__Problem__: Go through the following data and transcribe exactly the stretch of lines from the one holding "X115130000Y-99420000D02*" to the one holding "X117500000Y-79750000D02*", both included.

[Dataset entries]
+ + + + + + +

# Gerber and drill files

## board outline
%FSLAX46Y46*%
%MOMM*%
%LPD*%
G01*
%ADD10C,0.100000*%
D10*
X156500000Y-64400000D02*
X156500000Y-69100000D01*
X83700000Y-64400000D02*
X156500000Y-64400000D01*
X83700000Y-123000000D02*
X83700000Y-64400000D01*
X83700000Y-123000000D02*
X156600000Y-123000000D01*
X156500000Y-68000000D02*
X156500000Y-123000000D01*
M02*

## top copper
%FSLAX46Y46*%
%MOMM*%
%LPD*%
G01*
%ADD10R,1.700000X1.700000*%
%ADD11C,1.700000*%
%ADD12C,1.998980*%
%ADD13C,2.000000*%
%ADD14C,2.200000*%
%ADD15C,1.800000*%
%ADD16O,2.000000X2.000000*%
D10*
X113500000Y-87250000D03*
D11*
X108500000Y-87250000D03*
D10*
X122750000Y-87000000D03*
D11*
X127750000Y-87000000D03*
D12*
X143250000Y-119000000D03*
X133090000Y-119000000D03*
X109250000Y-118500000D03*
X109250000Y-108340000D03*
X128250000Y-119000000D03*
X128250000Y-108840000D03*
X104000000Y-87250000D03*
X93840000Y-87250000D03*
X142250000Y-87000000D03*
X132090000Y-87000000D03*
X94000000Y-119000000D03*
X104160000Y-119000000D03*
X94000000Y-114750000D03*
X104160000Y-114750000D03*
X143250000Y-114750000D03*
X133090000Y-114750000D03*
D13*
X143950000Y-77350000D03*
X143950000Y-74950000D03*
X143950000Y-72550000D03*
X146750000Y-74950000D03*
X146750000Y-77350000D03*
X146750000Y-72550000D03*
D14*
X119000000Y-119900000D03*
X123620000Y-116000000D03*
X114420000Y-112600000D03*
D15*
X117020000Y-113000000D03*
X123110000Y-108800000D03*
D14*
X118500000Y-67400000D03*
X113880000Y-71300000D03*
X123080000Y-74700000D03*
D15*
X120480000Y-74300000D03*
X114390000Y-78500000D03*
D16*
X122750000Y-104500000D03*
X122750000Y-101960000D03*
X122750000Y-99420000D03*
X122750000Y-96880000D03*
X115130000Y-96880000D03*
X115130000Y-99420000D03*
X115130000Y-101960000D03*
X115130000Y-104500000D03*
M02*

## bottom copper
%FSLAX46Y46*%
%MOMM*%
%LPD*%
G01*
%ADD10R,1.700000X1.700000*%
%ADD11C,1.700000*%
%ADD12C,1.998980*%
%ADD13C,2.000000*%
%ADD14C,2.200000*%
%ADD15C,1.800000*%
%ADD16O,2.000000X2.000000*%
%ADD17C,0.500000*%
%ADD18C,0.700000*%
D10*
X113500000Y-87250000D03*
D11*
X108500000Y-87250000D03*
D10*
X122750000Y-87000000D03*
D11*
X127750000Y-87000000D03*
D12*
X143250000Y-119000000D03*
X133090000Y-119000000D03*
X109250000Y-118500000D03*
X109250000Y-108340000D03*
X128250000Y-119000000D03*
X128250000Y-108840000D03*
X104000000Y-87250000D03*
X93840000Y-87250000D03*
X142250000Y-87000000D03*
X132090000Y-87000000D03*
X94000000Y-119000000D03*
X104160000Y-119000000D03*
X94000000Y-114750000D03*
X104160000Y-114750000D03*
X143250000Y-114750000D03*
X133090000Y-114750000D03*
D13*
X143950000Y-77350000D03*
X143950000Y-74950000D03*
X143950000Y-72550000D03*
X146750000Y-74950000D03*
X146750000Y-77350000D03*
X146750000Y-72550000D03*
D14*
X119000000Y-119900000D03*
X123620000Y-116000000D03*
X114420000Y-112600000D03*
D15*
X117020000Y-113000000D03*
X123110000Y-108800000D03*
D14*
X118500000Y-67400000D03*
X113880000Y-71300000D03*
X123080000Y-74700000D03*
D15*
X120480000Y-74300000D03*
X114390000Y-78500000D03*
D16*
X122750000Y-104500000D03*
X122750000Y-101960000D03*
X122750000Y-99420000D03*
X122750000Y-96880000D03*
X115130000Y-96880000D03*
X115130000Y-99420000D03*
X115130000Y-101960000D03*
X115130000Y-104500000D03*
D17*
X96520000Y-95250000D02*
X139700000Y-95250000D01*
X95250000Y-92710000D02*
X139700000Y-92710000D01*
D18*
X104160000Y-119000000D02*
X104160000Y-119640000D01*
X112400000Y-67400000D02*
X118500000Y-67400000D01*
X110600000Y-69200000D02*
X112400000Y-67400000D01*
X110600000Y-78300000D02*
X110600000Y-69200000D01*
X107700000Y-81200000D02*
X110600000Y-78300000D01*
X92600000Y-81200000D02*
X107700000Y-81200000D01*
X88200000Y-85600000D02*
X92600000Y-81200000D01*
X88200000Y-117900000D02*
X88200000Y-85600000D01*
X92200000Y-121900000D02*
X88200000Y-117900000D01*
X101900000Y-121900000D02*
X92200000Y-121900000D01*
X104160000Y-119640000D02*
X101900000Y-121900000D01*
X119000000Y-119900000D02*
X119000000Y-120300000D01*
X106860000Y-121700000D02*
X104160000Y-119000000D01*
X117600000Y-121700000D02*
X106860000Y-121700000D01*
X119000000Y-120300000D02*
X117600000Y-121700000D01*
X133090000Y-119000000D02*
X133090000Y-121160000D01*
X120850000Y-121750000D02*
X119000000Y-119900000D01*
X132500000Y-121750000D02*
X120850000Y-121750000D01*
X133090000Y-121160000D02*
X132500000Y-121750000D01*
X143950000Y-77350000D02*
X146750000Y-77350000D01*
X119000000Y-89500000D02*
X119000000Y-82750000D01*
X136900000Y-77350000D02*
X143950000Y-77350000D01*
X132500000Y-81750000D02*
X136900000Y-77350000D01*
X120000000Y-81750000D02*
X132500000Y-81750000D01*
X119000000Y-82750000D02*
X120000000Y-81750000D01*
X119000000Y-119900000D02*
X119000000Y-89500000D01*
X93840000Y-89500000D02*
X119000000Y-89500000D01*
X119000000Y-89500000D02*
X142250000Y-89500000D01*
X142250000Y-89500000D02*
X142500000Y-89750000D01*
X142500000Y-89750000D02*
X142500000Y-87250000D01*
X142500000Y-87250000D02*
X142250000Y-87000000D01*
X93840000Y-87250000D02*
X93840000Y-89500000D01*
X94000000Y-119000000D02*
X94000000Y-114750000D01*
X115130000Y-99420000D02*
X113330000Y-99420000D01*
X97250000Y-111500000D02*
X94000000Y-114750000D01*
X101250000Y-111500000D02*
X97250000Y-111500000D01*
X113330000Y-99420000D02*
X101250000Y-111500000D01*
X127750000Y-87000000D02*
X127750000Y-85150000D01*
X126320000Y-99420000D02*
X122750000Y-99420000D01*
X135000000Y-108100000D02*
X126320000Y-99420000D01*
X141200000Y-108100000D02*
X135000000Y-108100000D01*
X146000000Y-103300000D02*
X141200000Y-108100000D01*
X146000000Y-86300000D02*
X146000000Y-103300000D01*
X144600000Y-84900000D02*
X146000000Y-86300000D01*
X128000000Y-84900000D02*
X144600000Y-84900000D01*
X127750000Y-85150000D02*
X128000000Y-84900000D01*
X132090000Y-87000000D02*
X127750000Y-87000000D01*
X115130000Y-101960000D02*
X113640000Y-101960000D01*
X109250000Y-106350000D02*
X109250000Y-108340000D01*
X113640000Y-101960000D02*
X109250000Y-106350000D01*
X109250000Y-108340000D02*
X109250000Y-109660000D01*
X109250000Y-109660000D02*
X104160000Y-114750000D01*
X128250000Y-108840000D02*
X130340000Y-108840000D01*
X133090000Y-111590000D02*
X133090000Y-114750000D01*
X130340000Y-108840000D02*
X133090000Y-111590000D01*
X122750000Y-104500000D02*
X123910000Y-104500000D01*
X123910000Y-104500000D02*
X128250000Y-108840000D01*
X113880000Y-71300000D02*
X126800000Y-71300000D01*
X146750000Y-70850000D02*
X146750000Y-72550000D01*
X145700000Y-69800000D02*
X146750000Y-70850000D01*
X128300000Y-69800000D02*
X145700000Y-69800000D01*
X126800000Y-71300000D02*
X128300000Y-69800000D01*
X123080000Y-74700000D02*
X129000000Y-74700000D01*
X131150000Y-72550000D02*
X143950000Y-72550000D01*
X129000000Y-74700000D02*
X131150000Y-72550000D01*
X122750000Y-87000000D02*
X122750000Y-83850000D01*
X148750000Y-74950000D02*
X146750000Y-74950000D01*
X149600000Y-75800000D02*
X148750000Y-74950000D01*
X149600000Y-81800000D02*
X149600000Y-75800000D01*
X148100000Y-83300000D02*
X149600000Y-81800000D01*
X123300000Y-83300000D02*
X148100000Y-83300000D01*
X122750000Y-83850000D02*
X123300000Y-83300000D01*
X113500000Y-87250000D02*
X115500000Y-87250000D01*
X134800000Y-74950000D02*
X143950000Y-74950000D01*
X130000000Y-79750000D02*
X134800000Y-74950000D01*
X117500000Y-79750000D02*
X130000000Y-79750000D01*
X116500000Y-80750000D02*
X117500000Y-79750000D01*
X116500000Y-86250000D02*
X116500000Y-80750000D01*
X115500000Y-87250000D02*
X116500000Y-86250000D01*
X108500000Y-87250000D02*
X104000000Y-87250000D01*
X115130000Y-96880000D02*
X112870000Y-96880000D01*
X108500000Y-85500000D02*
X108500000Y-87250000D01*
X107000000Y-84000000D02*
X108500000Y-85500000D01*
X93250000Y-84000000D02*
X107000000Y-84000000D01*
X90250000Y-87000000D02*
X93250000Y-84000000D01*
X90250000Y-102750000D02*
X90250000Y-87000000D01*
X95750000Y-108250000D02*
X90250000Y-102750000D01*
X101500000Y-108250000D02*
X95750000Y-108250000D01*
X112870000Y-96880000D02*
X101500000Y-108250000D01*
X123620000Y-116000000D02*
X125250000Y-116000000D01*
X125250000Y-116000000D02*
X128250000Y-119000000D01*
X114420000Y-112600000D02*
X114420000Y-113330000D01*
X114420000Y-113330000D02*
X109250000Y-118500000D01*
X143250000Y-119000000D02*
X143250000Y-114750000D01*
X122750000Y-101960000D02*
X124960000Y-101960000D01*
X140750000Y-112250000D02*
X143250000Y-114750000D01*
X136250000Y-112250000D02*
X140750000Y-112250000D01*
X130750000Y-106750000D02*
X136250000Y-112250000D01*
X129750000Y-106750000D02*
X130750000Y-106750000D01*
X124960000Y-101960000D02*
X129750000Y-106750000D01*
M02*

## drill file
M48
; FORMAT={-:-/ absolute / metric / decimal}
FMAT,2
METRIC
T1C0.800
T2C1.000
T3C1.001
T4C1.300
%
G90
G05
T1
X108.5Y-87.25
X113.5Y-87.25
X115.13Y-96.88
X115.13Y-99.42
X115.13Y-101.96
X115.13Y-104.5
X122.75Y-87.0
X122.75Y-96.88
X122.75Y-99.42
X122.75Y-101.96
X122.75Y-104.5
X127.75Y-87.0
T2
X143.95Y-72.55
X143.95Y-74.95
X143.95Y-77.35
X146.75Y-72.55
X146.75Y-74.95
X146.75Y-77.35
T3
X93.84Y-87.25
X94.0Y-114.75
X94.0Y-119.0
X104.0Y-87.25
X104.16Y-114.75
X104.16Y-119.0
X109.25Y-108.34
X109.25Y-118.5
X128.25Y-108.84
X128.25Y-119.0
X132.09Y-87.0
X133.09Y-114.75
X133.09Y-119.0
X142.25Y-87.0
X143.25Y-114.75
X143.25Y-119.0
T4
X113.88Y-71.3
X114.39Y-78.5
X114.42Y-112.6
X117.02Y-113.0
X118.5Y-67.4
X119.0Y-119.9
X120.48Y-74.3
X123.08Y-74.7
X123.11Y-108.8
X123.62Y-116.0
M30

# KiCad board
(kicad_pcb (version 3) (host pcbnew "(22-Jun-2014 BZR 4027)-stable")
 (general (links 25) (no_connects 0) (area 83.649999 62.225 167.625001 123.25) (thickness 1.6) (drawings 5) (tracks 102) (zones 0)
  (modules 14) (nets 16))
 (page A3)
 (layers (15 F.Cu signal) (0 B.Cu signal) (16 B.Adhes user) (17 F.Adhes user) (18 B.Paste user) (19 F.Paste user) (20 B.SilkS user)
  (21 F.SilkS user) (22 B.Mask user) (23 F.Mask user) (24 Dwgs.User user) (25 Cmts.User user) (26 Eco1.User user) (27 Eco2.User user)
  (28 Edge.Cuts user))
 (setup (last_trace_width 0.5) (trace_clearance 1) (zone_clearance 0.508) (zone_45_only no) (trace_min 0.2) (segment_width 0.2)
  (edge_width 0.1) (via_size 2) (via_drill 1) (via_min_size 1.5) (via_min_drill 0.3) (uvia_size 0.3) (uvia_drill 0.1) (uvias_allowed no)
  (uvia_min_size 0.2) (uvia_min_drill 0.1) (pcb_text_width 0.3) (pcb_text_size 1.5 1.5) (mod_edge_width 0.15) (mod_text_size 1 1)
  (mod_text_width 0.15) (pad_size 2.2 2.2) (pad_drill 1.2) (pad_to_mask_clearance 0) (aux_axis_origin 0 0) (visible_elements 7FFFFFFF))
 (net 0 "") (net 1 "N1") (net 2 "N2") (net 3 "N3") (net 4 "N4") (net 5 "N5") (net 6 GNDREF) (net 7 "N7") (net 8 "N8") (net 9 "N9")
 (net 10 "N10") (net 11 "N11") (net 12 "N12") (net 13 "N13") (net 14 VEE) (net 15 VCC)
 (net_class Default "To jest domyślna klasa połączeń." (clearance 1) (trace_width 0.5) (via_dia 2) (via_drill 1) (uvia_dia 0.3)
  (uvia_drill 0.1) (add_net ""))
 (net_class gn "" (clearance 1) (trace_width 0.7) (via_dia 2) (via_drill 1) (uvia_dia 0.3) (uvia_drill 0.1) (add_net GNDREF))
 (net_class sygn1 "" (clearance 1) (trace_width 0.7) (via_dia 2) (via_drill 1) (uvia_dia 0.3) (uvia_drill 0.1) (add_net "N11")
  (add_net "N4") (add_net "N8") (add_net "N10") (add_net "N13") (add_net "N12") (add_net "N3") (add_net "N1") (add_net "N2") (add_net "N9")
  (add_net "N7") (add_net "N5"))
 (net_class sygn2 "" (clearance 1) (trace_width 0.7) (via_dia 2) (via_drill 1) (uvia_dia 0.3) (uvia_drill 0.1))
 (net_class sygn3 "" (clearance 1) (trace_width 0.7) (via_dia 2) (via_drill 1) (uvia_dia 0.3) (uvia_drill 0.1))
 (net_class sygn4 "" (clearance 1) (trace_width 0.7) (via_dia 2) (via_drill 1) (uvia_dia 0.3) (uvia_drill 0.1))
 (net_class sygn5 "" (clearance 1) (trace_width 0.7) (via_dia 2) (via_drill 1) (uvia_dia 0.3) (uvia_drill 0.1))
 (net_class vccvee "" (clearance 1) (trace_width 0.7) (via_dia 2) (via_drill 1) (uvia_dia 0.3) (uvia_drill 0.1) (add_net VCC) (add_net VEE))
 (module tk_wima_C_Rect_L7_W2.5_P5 (layer F.Cu) (at 113.5 87.25 180)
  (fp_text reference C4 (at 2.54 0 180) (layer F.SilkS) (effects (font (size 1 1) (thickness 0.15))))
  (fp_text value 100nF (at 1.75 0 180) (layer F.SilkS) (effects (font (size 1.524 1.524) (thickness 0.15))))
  (pad 1 thru_hole rect (at 0 0 180) (size 1.7 1.7) (drill 0.8) (layers *.Cu *.Mask F.SilkS) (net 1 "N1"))
  (pad 2 thru_hole circle (at 5 0 180) (size 1.7 1.7) (drill 0.8) (layers *.Cu *.Mask F.SilkS) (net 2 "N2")))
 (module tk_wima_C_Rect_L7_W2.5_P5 (layer F.Cu) (at 122.75 87)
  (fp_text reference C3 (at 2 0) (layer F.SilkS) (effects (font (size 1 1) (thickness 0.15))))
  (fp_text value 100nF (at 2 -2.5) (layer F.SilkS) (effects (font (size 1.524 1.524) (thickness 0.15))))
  (pad 1 thru_hole rect (at 0 0) (size 1.7 1.7) (drill 0.8) (layers *.Cu *.Mask F.SilkS) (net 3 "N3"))
  (pad 2 thru_hole circle (at 5 0) (size 1.7 1.7) (drill 0.8) (layers *.Cu *.Mask F.SilkS) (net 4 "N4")))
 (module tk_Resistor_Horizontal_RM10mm (layer F.Cu) (at 143.25 119 180)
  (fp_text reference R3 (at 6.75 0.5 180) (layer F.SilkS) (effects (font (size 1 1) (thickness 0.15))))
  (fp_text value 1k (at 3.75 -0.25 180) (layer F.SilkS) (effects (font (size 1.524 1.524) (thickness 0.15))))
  (pad 1 thru_hole circle (at 0 0 180) (size 1.99898 1.99898) (drill 1.00076) (layers *.Cu *.SilkS *.Mask) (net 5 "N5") (clearance 1))
  (pad 2 thru_hole circle (at 10.16 0 180) (size 1.99898 1.99898) (drill 1.00076) (layers *.Cu *.SilkS *.Mask) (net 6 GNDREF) (clearance 1)))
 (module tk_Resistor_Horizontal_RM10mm (layer F.Cu) (at 109.25 118.5 90)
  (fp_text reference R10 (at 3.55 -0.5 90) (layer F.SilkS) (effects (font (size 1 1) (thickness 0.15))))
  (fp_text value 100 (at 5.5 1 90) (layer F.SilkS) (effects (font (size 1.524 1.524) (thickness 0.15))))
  (pad 1 thru_hole circle (at 0 0 90) (size 1.99898 1.99898) (drill 1.00076) (layers *.Cu *.SilkS *.Mask) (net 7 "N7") (clearance 1))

+ + + + + + +

__Result below__:
X115130000Y-99420000D02*
X113330000Y-99420000D01*
X97250000Y-111500000D02*
X94000000Y-114750000D01*
X101250000Y-111500000D02*
X97250000Y-111500000D01*
X113330000Y-99420000D02*
X101250000Y-111500000D01*
X127750000Y-87000000D02*
X127750000Y-85150000D01*
X126320000Y-99420000D02*
X122750000Y-99420000D01*
X135000000Y-108100000D02*
X126320000Y-99420000D01*
X141200000Y-108100000D02*
X135000000Y-108100000D01*
X146000000Y-103300000D02*
X141200000Y-108100000D01*
X146000000Y-86300000D02*
X146000000Y-103300000D01*
X144600000Y-84900000D02*
X146000000Y-86300000D01*
X128000000Y-84900000D02*
X144600000Y-84900000D01*
X127750000Y-85150000D02*
X128000000Y-84900000D01*
X132090000Y-87000000D02*
X127750000Y-87000000D01*
X115130000Y-101960000D02*
X113640000Y-101960000D01*
X109250000Y-106350000D02*
X109250000Y-108340000D01*
X113640000Y-101960000D02*
X109250000Y-106350000D01*
X109250000Y-108340000D02*
X109250000Y-109660000D01*
X109250000Y-109660000D02*
X104160000Y-114750000D01*
X128250000Y-108840000D02*
X130340000Y-108840000D01*
X133090000Y-111590000D02*
X133090000Y-114750000D01*
X130340000Y-108840000D02*
X133090000Y-111590000D01*
X122750000Y-104500000D02*
X123910000Y-104500000D01*
X123910000Y-104500000D02*
X128250000Y-108840000D01*
X113880000Y-71300000D02*
X126800000Y-71300000D01*
X146750000Y-70850000D02*
X146750000Y-72550000D01*
X145700000Y-69800000D02*
X146750000Y-70850000D01*
X128300000Y-69800000D02*
X145700000Y-69800000D01*
X126800000Y-71300000D02*
X128300000Y-69800000D01*
X123080000Y-74700000D02*
X129000000Y-74700000D01*
X131150000Y-72550000D02*
X143950000Y-72550000D01*
X129000000Y-74700000D02*
X131150000Y-72550000D01*
X122750000Y-87000000D02*
X122750000Y-83850000D01*
X148750000Y-74950000D02*
X146750000Y-74950000D01*
X149600000Y-75800000D02*
X148750000Y-74950000D01*
X149600000Y-81800000D02*
X149600000Y-75800000D01*
X148100000Y-83300000D02*
X149600000Y-81800000D01*
X123300000Y-83300000D02*
X148100000Y-83300000D01*
X122750000Y-83850000D02*
X123300000Y-83300000D01*
X113500000Y-87250000D02*
X115500000Y-87250000D01*
X134800000Y-74950000D02*
X143950000Y-74950000D01*
X130000000Y-79750000D02*
X134800000Y-74950000D01*
X117500000Y-79750000D02*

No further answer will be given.